San Diego had a taste of Pro Rugby – in capital letters as a proper name – in 2016 when that effort had a one-year existence. The San Diego Breakers were part of that league, and Matt Hawkins, who has been a highly visible part of American rugby for more than a decade, was an assistant coach. He reappears in the Legion organization as the general manager. Anyone who has seen Hawkins play knows he is likely to have a hard-nosed team at Starfire on Sunday.

It’s hard to get a sense of the Legion’s roster from the team web site, which is by far the worst in Major League Rugby, but from reading the match reports of their pre-season games, some names stand out. Cam Dolan at Number 8 appears to be a forward who can run in the open and score. Nate Augspurger at scrum half, Ben Cima at center and Taku Ngwenya on the wing are described as backline “firepower.” Tadhg Leader, the place kicker, looks steady. The Legion beat Austin Elite, 32-24, and lost 33-17 to the Houston SaberCats, led by former Seattle Saracen coach Justin Fitzpatrick.

Seattle comes into game under player-coach Phil Mack, known up north as “The Little Magician.” He took over coaching duties after Tony Healy, also from Canada, ran into visa troubles. Whether three weeks running the team has been enough time for Mack to mold a winner gets put to the test Sunday. Pre-season competition has been limited to a 47-7 trashing of the Prairie Wolf Pack, apparently a team of masochists out of Calgary as they traveled on to an 80-12 drubbing Friday at the hands, feet, shoulders and whatever else MLR’s Utah Warriors chose to apply to the Pack’s backsides.

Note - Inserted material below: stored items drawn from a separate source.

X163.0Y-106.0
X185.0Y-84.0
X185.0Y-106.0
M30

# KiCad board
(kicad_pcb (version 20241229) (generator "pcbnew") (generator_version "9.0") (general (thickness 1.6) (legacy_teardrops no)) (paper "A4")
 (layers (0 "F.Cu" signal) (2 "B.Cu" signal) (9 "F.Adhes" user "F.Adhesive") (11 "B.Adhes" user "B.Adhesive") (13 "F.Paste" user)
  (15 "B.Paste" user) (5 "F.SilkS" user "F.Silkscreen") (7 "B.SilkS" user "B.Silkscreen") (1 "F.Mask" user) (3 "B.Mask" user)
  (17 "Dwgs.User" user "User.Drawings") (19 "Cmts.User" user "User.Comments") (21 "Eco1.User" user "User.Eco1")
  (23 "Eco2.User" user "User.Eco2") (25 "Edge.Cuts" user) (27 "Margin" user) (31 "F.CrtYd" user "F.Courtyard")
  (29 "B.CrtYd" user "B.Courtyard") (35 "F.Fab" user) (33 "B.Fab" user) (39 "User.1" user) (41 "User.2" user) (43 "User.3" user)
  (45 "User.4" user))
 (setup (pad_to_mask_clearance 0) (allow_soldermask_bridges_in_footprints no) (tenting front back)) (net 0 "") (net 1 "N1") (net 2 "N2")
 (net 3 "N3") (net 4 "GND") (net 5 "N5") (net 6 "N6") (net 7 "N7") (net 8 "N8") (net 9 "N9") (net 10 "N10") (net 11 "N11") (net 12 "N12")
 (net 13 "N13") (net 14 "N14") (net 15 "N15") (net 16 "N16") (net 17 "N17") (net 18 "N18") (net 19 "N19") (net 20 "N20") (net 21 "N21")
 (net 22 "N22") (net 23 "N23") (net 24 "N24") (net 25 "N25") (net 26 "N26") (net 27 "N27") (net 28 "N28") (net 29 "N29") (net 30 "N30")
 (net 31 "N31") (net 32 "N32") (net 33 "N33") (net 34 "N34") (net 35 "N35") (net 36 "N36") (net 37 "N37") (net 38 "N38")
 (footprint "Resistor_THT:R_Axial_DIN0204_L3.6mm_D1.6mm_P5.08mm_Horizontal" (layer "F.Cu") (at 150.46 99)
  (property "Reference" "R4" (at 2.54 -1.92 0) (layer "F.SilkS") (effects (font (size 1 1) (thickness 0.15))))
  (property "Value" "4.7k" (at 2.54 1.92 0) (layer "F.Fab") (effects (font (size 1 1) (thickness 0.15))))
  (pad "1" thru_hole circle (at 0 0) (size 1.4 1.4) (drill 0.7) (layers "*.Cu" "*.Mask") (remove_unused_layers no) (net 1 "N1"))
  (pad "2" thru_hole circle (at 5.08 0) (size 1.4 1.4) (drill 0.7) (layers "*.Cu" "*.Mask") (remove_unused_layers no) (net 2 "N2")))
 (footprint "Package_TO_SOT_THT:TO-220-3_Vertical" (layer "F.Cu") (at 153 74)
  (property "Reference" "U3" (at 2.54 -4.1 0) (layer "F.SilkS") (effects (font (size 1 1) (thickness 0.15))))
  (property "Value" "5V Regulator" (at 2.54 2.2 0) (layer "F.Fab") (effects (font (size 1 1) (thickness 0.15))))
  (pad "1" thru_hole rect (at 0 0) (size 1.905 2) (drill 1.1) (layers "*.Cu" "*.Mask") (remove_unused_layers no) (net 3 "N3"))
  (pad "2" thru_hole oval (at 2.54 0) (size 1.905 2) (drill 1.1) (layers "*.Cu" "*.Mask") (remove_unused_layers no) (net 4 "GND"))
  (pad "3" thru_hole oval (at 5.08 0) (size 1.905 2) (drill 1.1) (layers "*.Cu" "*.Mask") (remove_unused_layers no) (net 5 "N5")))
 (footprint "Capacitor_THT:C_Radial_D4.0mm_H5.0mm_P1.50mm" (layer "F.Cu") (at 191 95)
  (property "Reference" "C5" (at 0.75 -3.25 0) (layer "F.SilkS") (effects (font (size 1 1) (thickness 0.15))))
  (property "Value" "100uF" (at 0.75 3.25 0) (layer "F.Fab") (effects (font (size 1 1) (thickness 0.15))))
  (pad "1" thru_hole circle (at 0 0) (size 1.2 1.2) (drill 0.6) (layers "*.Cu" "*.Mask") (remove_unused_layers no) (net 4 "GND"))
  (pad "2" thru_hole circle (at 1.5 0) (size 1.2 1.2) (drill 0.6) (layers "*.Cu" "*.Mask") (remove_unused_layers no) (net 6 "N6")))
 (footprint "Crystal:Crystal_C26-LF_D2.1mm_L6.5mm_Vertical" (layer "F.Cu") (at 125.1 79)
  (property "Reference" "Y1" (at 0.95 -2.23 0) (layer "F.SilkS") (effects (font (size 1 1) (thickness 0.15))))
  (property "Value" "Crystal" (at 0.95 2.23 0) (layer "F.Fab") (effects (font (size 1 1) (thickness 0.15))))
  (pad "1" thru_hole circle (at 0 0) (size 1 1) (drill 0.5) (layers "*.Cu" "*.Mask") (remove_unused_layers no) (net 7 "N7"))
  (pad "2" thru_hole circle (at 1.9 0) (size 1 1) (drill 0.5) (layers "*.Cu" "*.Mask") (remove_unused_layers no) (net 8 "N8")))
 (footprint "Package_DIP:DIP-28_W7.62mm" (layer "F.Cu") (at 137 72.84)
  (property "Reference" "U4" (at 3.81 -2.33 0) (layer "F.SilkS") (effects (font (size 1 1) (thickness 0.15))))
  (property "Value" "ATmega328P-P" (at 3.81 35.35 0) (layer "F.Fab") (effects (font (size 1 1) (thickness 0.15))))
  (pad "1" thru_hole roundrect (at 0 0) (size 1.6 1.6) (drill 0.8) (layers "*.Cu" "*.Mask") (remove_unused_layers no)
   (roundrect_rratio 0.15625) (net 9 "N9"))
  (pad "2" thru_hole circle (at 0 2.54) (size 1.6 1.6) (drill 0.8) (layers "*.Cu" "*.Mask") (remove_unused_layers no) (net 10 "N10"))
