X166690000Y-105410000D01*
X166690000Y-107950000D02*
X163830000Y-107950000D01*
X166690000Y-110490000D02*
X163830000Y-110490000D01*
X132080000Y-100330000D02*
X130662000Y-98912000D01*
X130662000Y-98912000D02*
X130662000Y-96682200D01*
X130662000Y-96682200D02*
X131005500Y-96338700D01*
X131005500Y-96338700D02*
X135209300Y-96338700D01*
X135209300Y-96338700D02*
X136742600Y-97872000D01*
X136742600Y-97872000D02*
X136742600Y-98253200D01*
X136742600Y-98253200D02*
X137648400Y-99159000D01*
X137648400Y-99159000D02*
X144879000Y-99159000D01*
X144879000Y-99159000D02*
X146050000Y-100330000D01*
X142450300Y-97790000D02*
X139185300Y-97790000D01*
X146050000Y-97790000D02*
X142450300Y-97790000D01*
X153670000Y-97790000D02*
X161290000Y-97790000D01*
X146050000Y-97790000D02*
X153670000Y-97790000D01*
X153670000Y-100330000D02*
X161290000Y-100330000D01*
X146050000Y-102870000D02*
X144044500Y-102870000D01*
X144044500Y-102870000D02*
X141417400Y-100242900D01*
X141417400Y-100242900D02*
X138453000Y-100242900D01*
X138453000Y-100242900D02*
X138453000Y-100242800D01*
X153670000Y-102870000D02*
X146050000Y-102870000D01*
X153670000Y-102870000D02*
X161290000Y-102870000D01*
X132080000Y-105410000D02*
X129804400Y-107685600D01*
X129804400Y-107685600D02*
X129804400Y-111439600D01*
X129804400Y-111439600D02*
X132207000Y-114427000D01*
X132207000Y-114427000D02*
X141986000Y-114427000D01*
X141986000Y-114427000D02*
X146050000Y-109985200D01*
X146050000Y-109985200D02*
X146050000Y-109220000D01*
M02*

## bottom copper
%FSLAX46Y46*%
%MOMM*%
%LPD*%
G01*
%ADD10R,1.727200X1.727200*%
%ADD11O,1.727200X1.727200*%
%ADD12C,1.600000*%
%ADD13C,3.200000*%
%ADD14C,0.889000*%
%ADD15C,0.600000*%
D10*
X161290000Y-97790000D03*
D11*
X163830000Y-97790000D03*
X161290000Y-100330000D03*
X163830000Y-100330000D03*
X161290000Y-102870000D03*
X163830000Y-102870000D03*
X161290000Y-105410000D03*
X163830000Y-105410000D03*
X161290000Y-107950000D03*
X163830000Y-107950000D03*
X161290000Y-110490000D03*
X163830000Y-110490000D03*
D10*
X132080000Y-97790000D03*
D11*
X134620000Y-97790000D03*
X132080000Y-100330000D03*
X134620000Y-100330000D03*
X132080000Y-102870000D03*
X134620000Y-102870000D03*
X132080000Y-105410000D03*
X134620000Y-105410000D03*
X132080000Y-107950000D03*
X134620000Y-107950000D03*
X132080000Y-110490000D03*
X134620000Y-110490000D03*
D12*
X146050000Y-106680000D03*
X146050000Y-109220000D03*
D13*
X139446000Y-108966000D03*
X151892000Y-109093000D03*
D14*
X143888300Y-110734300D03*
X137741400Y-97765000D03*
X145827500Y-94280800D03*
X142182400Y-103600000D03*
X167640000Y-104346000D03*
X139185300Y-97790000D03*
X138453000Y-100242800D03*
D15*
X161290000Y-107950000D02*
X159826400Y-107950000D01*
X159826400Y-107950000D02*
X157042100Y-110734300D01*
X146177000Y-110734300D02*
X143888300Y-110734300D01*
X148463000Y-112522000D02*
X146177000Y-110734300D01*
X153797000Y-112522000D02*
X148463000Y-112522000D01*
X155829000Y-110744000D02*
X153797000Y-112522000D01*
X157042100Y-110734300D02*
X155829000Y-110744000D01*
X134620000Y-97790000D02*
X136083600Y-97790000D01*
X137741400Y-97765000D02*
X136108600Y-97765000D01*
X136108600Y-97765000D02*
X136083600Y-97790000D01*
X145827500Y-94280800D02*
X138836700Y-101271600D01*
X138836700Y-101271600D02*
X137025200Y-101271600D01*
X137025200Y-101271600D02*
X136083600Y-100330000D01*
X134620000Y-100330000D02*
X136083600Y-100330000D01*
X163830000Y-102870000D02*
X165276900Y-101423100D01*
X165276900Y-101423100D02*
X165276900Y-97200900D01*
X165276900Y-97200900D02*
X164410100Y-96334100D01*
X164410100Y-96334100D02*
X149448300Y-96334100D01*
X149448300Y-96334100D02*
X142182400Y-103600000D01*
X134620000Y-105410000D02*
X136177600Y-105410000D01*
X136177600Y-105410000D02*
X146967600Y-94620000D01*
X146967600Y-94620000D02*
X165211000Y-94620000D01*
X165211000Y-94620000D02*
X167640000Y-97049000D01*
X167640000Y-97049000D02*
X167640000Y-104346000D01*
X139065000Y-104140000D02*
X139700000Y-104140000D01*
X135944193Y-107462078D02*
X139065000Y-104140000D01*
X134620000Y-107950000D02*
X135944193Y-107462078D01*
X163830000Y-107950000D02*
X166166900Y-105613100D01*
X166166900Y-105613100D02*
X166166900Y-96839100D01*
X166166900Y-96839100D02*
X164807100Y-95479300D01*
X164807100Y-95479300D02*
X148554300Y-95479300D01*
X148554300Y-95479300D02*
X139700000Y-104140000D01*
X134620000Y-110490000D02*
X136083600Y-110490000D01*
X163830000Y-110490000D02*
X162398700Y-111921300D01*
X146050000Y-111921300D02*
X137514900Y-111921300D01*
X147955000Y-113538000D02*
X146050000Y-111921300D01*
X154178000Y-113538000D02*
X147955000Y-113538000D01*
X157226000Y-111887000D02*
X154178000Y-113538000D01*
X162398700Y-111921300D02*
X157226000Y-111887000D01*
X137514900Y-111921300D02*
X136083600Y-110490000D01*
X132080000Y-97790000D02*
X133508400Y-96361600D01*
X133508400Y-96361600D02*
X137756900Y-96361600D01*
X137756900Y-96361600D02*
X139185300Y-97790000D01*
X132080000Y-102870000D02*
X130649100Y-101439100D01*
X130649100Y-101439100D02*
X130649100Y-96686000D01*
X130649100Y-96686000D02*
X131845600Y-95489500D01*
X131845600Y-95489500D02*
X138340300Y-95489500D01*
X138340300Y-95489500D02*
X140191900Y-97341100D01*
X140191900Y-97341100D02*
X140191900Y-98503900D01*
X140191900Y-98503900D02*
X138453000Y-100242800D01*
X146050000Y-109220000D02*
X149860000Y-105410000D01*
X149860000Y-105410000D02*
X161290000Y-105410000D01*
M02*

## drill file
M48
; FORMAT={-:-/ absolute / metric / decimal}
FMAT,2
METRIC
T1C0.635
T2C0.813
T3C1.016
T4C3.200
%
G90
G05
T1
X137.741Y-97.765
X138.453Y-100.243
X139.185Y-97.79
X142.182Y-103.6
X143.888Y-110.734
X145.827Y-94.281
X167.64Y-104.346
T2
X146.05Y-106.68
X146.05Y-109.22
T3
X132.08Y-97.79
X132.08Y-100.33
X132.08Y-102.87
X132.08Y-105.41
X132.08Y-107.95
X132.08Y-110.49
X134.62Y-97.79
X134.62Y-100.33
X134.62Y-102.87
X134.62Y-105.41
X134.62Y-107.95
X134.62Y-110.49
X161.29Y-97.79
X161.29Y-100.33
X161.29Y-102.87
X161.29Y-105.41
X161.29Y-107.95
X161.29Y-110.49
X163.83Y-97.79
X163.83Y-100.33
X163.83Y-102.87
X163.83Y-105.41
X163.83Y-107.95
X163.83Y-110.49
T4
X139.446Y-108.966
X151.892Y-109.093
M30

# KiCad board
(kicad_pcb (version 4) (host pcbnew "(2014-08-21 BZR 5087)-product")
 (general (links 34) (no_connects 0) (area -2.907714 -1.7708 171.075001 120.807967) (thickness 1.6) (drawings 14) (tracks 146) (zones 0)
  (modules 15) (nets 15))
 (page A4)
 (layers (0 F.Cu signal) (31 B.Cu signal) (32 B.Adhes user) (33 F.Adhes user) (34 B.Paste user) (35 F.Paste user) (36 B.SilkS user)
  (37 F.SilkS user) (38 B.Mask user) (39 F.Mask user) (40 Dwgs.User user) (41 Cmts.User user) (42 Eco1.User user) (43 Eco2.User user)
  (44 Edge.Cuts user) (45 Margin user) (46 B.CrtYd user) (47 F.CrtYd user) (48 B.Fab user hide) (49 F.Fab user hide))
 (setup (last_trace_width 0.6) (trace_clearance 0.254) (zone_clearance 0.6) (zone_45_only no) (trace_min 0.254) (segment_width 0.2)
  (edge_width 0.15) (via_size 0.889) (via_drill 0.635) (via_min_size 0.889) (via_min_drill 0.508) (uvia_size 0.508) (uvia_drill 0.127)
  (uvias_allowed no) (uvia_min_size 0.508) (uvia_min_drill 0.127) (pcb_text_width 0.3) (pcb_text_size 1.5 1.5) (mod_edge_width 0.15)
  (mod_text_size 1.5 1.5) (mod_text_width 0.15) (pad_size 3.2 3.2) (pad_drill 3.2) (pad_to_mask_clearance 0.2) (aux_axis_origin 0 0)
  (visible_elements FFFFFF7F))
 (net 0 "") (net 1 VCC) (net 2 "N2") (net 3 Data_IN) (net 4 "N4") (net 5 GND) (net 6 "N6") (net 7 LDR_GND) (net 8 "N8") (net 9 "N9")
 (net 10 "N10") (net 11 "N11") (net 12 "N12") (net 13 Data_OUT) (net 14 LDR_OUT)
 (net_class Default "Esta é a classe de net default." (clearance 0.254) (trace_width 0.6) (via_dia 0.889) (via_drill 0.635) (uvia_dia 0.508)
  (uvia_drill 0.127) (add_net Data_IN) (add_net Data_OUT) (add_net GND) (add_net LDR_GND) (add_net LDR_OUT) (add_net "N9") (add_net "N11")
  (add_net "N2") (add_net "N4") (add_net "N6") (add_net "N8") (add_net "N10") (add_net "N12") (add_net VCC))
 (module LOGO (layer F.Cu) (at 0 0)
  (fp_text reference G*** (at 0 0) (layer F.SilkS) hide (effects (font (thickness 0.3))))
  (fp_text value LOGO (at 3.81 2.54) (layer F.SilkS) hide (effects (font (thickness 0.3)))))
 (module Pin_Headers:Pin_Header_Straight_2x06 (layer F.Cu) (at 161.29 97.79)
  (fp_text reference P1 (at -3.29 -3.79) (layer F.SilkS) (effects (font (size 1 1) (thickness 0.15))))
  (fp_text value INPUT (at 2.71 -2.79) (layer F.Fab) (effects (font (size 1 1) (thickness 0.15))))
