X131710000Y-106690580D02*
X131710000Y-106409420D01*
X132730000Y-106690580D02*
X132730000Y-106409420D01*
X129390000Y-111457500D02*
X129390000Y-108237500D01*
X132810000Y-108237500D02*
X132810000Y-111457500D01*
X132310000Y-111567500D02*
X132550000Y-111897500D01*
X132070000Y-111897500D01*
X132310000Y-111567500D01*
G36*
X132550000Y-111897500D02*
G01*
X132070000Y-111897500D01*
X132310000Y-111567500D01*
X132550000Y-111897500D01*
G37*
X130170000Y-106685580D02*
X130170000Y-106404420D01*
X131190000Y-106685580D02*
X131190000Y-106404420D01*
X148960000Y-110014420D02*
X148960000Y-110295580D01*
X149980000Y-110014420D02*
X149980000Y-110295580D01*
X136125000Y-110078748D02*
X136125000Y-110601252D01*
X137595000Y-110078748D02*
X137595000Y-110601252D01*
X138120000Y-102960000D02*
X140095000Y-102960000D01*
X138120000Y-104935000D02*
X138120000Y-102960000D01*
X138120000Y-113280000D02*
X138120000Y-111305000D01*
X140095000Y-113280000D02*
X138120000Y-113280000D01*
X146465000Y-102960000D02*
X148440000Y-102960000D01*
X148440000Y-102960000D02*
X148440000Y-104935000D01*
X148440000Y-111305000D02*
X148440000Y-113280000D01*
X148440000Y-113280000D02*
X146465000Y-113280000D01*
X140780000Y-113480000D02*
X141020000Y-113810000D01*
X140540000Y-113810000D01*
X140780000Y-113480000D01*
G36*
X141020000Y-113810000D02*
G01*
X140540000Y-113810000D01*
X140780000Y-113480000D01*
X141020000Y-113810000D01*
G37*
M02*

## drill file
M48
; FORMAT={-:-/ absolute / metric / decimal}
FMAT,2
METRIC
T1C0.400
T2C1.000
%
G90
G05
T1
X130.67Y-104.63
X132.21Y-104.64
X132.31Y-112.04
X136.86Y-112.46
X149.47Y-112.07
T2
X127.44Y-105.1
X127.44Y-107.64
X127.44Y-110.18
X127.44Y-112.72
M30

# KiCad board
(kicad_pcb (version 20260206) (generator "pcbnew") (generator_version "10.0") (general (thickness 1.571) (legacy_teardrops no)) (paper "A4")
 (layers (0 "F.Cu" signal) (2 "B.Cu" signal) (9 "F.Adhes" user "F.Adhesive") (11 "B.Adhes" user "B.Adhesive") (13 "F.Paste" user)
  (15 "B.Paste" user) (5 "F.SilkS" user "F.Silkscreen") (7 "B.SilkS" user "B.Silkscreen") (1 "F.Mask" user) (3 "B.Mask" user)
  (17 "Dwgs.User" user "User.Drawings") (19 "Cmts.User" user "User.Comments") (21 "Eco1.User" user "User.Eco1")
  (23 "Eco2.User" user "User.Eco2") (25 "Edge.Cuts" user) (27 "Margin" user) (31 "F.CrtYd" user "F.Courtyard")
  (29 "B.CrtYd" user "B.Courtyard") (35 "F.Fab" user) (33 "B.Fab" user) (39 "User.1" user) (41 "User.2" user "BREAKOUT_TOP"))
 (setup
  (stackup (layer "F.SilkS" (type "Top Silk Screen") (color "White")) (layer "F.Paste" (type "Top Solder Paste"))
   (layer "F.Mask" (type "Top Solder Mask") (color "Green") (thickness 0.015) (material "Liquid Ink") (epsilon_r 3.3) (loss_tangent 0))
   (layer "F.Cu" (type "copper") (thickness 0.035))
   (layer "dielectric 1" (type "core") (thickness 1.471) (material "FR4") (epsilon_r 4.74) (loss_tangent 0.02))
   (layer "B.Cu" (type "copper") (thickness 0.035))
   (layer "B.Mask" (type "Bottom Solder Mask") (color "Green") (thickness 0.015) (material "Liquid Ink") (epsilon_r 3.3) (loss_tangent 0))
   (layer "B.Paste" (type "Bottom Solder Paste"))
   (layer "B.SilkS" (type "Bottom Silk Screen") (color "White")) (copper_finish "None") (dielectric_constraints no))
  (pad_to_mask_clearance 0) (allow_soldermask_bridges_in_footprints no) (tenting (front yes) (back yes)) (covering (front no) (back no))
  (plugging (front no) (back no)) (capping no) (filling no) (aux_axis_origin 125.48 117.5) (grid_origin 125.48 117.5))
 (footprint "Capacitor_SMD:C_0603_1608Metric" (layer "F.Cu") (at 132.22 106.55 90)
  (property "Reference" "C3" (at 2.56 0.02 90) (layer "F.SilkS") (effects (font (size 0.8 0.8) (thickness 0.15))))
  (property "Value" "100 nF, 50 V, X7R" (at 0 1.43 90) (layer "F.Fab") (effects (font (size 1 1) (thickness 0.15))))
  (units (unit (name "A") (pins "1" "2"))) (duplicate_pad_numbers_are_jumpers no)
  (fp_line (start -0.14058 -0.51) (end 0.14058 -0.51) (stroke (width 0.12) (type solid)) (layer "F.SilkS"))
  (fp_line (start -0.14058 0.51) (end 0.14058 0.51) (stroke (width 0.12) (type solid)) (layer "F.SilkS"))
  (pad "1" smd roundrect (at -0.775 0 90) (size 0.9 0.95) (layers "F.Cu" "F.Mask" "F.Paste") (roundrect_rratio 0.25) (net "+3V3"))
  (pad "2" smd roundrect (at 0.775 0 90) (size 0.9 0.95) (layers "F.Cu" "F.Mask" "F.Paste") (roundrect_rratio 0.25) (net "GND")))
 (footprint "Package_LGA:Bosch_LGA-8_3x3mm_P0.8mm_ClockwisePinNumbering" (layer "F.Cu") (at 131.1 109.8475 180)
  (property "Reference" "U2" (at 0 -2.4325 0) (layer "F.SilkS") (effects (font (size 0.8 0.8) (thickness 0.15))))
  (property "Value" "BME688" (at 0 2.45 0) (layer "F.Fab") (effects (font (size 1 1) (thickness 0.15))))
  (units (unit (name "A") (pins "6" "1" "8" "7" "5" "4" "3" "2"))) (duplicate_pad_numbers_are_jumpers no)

A track meet like the Seawolves’ win over the Wolf Pack has the benefit of showing what every move, play and stratagem looks like in perfect execution against little defense. It has the disadvantage of lacking the kind of competition that reveals what happens when opponents disrupt perfection and your team must pick up the pieces and innovate – the real beauty of rugby.

Asked to make a prediction about Sunday’s game, Seawolves co-owner and operator Shane Skinner was at his political best: “The guys have trained incredibly hard so I predict they are going to put out their best possible effort – 100% confident on that!”

Having seen the Seawolves at practice, I know Shane is correct. They are a hard-working bunch. Shane sets a good example that even a journalist should follow:

I predict both teams will play at full speed and will not disappoint the 3,500 plus fans at Starfire on Sunday. See you there.